Marcus Holmes, Face-to-Face Diplomacy: Social Neuroscience and International Relations,(Cambridge University Press, Paperback, 2019). At a glance, this book seems a perfect fit for public diplomacy’s “last three feet” devotees. Then on first inspection, perhaps not, since its focus is on the summit diplomacy of leaders. But on a close read there is much that is relevant to concepts and practice in diplomacy’s public dimension even though this is not the book’s purpose.
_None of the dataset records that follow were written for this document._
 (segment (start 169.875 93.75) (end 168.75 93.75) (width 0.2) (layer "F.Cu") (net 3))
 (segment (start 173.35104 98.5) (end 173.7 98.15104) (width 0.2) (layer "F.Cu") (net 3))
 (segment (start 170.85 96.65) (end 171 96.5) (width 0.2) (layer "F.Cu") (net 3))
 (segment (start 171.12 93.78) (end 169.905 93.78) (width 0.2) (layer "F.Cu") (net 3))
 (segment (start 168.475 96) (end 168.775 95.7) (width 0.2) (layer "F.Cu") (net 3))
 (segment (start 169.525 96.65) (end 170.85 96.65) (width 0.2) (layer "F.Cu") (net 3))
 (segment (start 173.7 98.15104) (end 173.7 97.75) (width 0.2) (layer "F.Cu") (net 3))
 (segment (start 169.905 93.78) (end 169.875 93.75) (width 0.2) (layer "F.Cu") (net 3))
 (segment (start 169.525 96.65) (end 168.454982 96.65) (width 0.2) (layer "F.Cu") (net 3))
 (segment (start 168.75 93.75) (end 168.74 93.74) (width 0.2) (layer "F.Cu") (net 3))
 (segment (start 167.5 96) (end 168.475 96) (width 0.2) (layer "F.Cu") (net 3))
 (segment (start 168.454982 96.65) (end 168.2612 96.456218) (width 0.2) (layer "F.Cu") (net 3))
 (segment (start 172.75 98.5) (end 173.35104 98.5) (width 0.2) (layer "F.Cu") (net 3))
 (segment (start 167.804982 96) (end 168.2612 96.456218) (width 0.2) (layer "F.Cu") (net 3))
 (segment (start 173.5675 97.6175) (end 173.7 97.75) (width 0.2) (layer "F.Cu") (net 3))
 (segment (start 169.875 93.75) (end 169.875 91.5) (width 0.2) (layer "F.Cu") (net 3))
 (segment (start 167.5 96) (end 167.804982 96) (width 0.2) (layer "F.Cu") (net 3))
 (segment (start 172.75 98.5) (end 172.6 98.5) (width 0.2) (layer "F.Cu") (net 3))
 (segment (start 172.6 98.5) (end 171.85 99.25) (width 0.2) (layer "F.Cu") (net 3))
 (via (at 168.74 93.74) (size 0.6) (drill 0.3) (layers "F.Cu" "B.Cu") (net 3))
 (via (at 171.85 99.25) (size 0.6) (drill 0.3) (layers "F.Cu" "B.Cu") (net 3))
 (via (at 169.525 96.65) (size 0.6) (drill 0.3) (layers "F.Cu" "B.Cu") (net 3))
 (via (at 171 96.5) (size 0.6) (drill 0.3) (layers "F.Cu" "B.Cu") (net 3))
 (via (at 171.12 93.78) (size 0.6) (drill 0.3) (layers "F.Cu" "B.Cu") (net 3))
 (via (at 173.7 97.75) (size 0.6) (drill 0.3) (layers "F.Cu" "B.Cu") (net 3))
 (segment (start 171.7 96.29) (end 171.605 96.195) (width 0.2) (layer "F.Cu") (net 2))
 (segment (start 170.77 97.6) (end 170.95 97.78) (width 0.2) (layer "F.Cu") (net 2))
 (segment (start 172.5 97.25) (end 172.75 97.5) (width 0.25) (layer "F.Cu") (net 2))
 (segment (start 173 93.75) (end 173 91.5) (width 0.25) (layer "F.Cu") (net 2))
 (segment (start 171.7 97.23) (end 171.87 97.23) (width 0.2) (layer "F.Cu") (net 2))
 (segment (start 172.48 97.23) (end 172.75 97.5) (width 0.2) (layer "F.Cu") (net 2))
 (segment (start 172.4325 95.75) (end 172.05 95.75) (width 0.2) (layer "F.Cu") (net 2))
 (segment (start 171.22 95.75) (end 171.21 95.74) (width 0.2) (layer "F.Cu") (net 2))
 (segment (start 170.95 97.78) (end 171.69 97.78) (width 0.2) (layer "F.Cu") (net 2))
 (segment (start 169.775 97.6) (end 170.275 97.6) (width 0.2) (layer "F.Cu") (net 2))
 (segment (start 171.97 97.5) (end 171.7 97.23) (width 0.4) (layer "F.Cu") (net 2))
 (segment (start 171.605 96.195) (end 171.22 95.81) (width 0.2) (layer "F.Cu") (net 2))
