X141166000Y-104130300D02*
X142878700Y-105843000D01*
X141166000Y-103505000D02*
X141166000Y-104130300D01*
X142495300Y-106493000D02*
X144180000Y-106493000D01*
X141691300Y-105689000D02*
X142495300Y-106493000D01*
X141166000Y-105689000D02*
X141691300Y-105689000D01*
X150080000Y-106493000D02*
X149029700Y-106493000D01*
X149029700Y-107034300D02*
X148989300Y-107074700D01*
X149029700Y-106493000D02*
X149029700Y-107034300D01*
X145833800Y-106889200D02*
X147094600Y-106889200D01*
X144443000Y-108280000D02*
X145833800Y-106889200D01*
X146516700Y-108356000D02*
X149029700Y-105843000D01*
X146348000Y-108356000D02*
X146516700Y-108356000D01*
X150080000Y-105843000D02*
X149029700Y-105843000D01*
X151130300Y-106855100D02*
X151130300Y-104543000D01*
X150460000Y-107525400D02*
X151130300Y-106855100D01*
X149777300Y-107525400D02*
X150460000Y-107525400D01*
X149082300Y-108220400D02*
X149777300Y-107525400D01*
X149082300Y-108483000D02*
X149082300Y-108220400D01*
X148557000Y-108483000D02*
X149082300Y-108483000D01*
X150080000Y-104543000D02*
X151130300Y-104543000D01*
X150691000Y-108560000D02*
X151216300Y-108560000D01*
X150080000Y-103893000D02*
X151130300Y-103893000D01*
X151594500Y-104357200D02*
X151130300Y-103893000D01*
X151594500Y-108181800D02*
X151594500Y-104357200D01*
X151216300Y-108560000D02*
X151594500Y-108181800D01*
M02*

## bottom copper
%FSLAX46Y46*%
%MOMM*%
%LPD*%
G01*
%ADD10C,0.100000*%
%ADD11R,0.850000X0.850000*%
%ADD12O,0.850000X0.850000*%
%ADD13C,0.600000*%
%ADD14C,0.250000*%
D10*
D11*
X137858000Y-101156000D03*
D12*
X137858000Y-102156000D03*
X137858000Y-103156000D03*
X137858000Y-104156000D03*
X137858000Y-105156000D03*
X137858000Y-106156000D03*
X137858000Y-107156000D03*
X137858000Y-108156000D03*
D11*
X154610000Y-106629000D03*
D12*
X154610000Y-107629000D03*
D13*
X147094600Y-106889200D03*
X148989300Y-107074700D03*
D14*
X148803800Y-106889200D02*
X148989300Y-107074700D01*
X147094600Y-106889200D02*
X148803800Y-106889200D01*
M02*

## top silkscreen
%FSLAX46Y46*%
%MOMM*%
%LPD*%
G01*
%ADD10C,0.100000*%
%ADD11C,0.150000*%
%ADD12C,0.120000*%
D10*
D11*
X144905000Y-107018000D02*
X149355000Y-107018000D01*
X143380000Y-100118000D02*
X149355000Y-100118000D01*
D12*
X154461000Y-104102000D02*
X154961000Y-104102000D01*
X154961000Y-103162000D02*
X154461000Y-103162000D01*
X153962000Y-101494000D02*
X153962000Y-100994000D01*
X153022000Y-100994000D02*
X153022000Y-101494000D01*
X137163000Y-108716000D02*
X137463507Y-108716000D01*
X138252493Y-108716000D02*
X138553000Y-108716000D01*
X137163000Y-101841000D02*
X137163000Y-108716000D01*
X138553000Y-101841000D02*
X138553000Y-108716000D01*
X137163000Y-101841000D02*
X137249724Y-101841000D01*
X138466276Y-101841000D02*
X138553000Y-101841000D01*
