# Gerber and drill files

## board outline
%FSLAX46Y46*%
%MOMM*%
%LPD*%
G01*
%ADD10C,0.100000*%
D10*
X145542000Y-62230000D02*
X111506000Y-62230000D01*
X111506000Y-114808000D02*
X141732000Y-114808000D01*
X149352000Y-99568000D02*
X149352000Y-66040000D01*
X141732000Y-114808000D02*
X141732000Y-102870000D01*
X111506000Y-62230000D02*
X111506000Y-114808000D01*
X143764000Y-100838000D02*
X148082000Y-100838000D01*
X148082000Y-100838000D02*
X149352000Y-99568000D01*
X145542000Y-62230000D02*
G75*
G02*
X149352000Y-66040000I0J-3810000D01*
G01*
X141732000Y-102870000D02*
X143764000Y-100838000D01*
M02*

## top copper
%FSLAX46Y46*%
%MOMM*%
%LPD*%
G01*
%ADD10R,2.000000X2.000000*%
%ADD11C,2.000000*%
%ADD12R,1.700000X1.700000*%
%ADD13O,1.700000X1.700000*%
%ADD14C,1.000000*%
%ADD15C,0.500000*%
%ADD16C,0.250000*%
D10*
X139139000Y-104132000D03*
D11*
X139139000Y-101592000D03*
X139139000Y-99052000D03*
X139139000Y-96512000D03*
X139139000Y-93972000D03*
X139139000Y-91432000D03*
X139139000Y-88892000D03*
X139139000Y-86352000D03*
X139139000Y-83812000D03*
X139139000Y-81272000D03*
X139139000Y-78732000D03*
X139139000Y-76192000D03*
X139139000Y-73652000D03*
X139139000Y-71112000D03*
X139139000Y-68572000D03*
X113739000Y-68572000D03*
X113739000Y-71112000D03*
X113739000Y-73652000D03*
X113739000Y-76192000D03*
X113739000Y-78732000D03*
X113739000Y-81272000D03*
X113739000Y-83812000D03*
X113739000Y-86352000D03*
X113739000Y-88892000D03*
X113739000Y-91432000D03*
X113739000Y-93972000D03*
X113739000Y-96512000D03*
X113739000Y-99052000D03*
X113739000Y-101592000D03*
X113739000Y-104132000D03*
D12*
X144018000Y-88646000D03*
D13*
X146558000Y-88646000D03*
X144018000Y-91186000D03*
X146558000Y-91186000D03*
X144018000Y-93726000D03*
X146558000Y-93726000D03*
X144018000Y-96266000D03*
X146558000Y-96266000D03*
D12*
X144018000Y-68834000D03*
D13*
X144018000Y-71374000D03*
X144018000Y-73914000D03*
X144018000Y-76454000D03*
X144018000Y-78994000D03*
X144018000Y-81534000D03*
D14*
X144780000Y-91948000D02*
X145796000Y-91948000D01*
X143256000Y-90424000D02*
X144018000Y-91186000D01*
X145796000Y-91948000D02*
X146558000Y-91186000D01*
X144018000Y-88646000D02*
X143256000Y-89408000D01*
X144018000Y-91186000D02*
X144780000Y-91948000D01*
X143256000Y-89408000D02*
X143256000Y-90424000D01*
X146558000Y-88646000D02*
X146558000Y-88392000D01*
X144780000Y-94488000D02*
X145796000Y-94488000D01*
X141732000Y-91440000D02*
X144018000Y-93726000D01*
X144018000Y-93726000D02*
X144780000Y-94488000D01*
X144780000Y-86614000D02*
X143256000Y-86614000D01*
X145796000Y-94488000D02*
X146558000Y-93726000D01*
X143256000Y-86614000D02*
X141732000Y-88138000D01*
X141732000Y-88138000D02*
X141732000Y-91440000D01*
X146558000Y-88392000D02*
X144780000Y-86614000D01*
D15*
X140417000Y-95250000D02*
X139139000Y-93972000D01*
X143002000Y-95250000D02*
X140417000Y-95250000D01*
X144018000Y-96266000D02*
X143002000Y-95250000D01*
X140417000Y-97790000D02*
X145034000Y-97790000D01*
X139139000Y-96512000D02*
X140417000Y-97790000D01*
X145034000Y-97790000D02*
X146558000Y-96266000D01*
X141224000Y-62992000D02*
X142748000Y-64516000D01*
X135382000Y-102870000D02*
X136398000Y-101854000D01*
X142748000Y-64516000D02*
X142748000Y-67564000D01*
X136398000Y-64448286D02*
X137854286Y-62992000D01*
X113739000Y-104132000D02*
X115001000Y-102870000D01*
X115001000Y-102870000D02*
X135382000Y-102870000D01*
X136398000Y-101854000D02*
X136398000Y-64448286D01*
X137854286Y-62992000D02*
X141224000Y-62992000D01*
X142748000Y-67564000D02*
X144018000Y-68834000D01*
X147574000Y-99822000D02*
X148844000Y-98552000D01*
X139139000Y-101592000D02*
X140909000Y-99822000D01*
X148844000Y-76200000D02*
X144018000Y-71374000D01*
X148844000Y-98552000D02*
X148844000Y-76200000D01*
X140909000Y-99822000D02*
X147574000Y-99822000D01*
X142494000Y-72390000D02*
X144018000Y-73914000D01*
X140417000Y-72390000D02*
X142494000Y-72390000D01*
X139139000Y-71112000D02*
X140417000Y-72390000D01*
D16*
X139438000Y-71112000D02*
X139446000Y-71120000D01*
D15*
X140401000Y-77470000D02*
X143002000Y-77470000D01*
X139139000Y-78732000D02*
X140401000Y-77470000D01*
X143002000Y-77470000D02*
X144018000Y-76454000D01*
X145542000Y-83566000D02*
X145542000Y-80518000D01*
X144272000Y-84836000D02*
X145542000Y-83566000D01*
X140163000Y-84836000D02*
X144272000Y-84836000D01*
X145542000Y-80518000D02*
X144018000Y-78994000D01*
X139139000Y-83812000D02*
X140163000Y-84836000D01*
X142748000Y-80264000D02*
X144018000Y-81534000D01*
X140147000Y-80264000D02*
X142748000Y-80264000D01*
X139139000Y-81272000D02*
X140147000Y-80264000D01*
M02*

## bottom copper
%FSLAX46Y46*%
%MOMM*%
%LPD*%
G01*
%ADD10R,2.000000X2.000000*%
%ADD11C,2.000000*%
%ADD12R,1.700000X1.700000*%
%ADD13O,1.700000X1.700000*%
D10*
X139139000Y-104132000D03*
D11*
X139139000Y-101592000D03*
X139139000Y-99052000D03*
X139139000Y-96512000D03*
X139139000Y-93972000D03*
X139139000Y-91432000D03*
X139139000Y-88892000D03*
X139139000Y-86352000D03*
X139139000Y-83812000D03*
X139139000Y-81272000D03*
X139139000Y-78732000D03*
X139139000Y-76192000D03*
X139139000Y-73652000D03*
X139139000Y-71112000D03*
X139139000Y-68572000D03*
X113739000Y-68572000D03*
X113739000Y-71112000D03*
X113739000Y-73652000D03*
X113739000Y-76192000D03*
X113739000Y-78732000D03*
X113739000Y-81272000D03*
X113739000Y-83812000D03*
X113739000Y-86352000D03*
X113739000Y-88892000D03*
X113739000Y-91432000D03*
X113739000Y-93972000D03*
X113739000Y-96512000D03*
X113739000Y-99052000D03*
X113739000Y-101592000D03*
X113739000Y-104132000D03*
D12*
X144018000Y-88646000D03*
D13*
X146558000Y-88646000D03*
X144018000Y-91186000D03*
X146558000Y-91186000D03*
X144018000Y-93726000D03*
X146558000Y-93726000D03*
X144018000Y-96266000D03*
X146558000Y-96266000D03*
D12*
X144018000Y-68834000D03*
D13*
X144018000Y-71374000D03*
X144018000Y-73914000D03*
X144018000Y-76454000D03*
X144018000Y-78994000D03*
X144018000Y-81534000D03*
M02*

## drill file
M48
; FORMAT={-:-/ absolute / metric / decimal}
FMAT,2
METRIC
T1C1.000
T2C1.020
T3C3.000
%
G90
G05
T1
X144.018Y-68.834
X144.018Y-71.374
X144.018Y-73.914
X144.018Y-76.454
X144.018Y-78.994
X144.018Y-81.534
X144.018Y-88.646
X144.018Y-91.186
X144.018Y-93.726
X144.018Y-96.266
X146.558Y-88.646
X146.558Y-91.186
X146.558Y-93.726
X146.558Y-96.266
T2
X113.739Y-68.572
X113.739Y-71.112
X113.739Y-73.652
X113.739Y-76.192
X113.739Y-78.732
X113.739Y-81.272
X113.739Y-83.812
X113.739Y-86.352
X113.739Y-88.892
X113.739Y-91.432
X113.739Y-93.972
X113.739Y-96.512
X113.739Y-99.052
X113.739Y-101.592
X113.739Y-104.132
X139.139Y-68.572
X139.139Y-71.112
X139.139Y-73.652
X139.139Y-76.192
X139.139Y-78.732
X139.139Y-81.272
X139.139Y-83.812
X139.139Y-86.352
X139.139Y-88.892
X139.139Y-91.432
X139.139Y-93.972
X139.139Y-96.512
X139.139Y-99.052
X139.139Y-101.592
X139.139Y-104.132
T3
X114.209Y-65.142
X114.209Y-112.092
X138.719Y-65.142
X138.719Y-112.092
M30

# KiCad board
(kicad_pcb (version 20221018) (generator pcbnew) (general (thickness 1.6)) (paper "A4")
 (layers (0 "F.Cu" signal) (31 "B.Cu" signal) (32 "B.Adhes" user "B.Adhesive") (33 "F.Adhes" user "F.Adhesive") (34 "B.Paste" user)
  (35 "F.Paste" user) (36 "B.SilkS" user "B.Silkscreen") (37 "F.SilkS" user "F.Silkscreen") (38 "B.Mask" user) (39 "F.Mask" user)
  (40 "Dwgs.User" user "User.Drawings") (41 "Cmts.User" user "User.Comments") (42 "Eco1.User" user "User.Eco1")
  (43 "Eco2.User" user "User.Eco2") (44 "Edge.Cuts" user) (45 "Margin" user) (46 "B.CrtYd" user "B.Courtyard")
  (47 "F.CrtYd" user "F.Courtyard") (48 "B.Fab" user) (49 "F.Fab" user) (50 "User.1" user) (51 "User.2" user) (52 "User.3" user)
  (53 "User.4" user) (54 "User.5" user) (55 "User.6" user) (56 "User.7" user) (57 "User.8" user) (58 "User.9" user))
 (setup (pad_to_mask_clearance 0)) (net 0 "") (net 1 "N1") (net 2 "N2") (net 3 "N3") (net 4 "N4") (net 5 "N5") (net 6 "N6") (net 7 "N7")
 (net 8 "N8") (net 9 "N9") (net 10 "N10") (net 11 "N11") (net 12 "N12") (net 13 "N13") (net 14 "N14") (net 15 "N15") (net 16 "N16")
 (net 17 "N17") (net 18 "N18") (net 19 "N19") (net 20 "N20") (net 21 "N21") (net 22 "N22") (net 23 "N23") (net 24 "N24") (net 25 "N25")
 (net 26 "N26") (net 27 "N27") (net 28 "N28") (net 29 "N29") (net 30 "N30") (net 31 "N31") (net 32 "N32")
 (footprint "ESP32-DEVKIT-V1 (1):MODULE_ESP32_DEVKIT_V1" (layer "F.Cu") (at 126.439 88.617 180)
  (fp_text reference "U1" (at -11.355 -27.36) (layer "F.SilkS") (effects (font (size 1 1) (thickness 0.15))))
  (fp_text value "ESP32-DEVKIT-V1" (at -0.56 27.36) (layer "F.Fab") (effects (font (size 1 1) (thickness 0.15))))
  (pad "" np_thru_hole circle (at -12.28 -23.475 180) (size 3 3) (drill 3) (layers "*.Cu" "*.Mask"))
  (pad "" np_thru_hole circle (at -12.28 23.475 180) (size 3 3) (drill 3) (layers "*.Cu" "*.Mask"))
  (pad "" np_thru_hole circle (at 12.23 -23.475 180) (size 3 3) (drill 3) (layers "*.Cu" "*.Mask"))
  (pad "" np_thru_hole circle (at 12.23 23.475 180) (size 3 3) (drill 3) (layers "*.Cu" "*.Mask"))
  (pad "1" thru_hole rect (at -12.7 -15.515 180) (size 2 2) (drill 1.02) (layers "*.Cu" "*.Mask") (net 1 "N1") (solder_mask_margin 0.102))
  (pad "2" thru_hole circle (at -12.7 -12.975 180) (size 2 2) (drill 1.02) (layers "*.Cu" "*.Mask") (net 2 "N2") (solder_mask_margin 0.102))
  (pad "3" thru_hole circle (at -12.7 -10.435 180) (size 2 2) (drill 1.02) (layers "*.Cu" "*.Mask") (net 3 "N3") (solder_mask_margin 0.102))
  (pad "4" thru_hole circle (at -12.7 -7.895 180) (size 2 2) (drill 1.02) (layers "*.Cu" "*.Mask") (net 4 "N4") (solder_mask_margin 0.102))
  (pad "5" thru_hole circle (at -12.7 -5.355 180) (size 2 2) (drill 1.02) (layers "*.Cu" "*.Mask") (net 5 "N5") (solder_mask_margin 0.102))
  (pad "6" thru_hole circle (at -12.7 -2.815 180) (size 2 2) (drill 1.02) (layers "*.Cu" "*.Mask") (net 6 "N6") (solder_mask_margin 0.102))
  (pad "7" thru_hole circle (at -12.7 -0.275 180) (size 2 2) (drill 1.02) (layers "*.Cu" "*.Mask") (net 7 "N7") (solder_mask_margin 0.102))
  (pad "8" thru_hole circle (at -12.7 2.265 180) (size 2 2) (drill 1.02) (layers "*.Cu" "*.Mask") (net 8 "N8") (solder_mask_margin 0.102))
  (pad "9" thru_hole circle (at -12.7 4.805 180) (size 2 2) (drill 1.02) (layers "*.Cu" "*.Mask") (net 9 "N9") (solder_mask_margin 0.102))
  (pad "10" thru_hole circle (at -12.7 7.345 180) (size 2 2) (drill 1.02) (layers "*.Cu" "*.Mask") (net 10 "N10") (solder_mask_margin 0.102))
  (pad "11" thru_hole circle (at -12.7 9.885 180) (size 2 2) (drill 1.02) (layers "*.Cu" "*.Mask") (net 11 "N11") (solder_mask_margin 0.102))
  (pad "12" thru_hole circle (at -12.7 12.425 180) (size 2 2) (drill 1.02) (layers "*.Cu" "*.Mask") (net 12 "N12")
   (solder_mask_margin 0.102))
  (pad "13" thru_hole circle (at -12.7 14.965 180) (size 2 2) (drill 1.02) (layers "*.Cu" "*.Mask") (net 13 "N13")
   (solder_mask_margin 0.102))
  (pad "14" thru_hole circle (at -12.7 17.505 180) (size 2 2) (drill 1.02) (layers "*.Cu" "*.Mask") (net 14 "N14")
   (solder_mask_margin 0.102))
  (pad "15" thru_hole circle (at -12.7 20.045 180) (size 2 2) (drill 1.02) (layers "*.Cu" "*.Mask") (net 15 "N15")
   (solder_mask_margin 0.102))
  (pad "16" thru_hole circle (at 12.7 20.045 180) (size 2 2) (drill 1.02) (layers "*.Cu" "*.Mask") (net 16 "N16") (solder_mask_margin 0.102))
  (pad "17" thru_hole circle (at 12.7 17.505 180) (size 2 2) (drill 1.02) (layers "*.Cu" "*.Mask") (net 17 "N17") (solder_mask_margin 0.102))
Holmes (College of William and Mary) is concerned to show how psychology and neuroscience can be used to challenge the “problem of intentions” in face-to-face diplomacy – meaning “it is difficult, if not impossible to look inside the minds of other people in order to experience what they are thinking.” His book offers a theory of how face-to-face interaction can overcome the problem by allowing participants to simulate the specific intentions of others using a “mirroring system” – a brain structure that “is able to pick up on microchanges in facial expressions and realize subtle shifts in the emotional states of others that conveys their levels of sincerity.” Holmes argues his theory is applicable in a wide range of diplomacy contexts. He explains his theory in the introduction and opening chapter. The rest of the book is devoted to discussing four case studies of summit diplomacy: interactions between Mikhail Gorbachev and Ronald Reagan at the end of the Cold War, George H. W. Bush’s and James Baker’s interactions with Gorbachev on the reunification of Germany, the Camp David Accords between Israel and Egypt mediated by Jimmy Carter, and the problem of deception in Neville Chamberlain’s face-to-face meeting with Adolph Hitler in Munich. These chapters reward both as evidence for his theory and as well-researched inquiries into summit diplomacy.

Dimitra Kizlari and Domenico Valenza, “A Balancing Act? Inter-Ministerial Co-operation in the Work of Cultural Attachés,” The Hague Journal of Diplomacy, 16 (2021), 493-518. Although Kizlari (University College London) and Valenza (Ghent University) place their research in three European cases – Italy, the Netherlands, and Sweden – their excellent article has broad global relevance to the study of cultural diplomacy. The authors analyze practices and discourses in the interactions of Ministries of Foreign Affairs (MFA) and Ministries of Culture (MoC) in five areas: appointments, hierarchy, funding, agenda-setting, and evaluation. In Italy, cultural attachés, exclusively linked to the MFA, cooperate with other ministries ad hoc. In Sweden and the Netherlands, the MFA and MoC create common conditions for cultural attachés in budgeting and planning. The MoC leads coordination in Sweden and the MFA in the Netherlands. Strengths of this article lie in how it frames enduring issues in cultural diplomacy and its use of practitioner interviews to support conceptual claims. Worthy of further study are its observations on how structural arrangements impact utilitarian perceptions of the role of culture in diplomacy and the critical importance of practitioners “on the ground.”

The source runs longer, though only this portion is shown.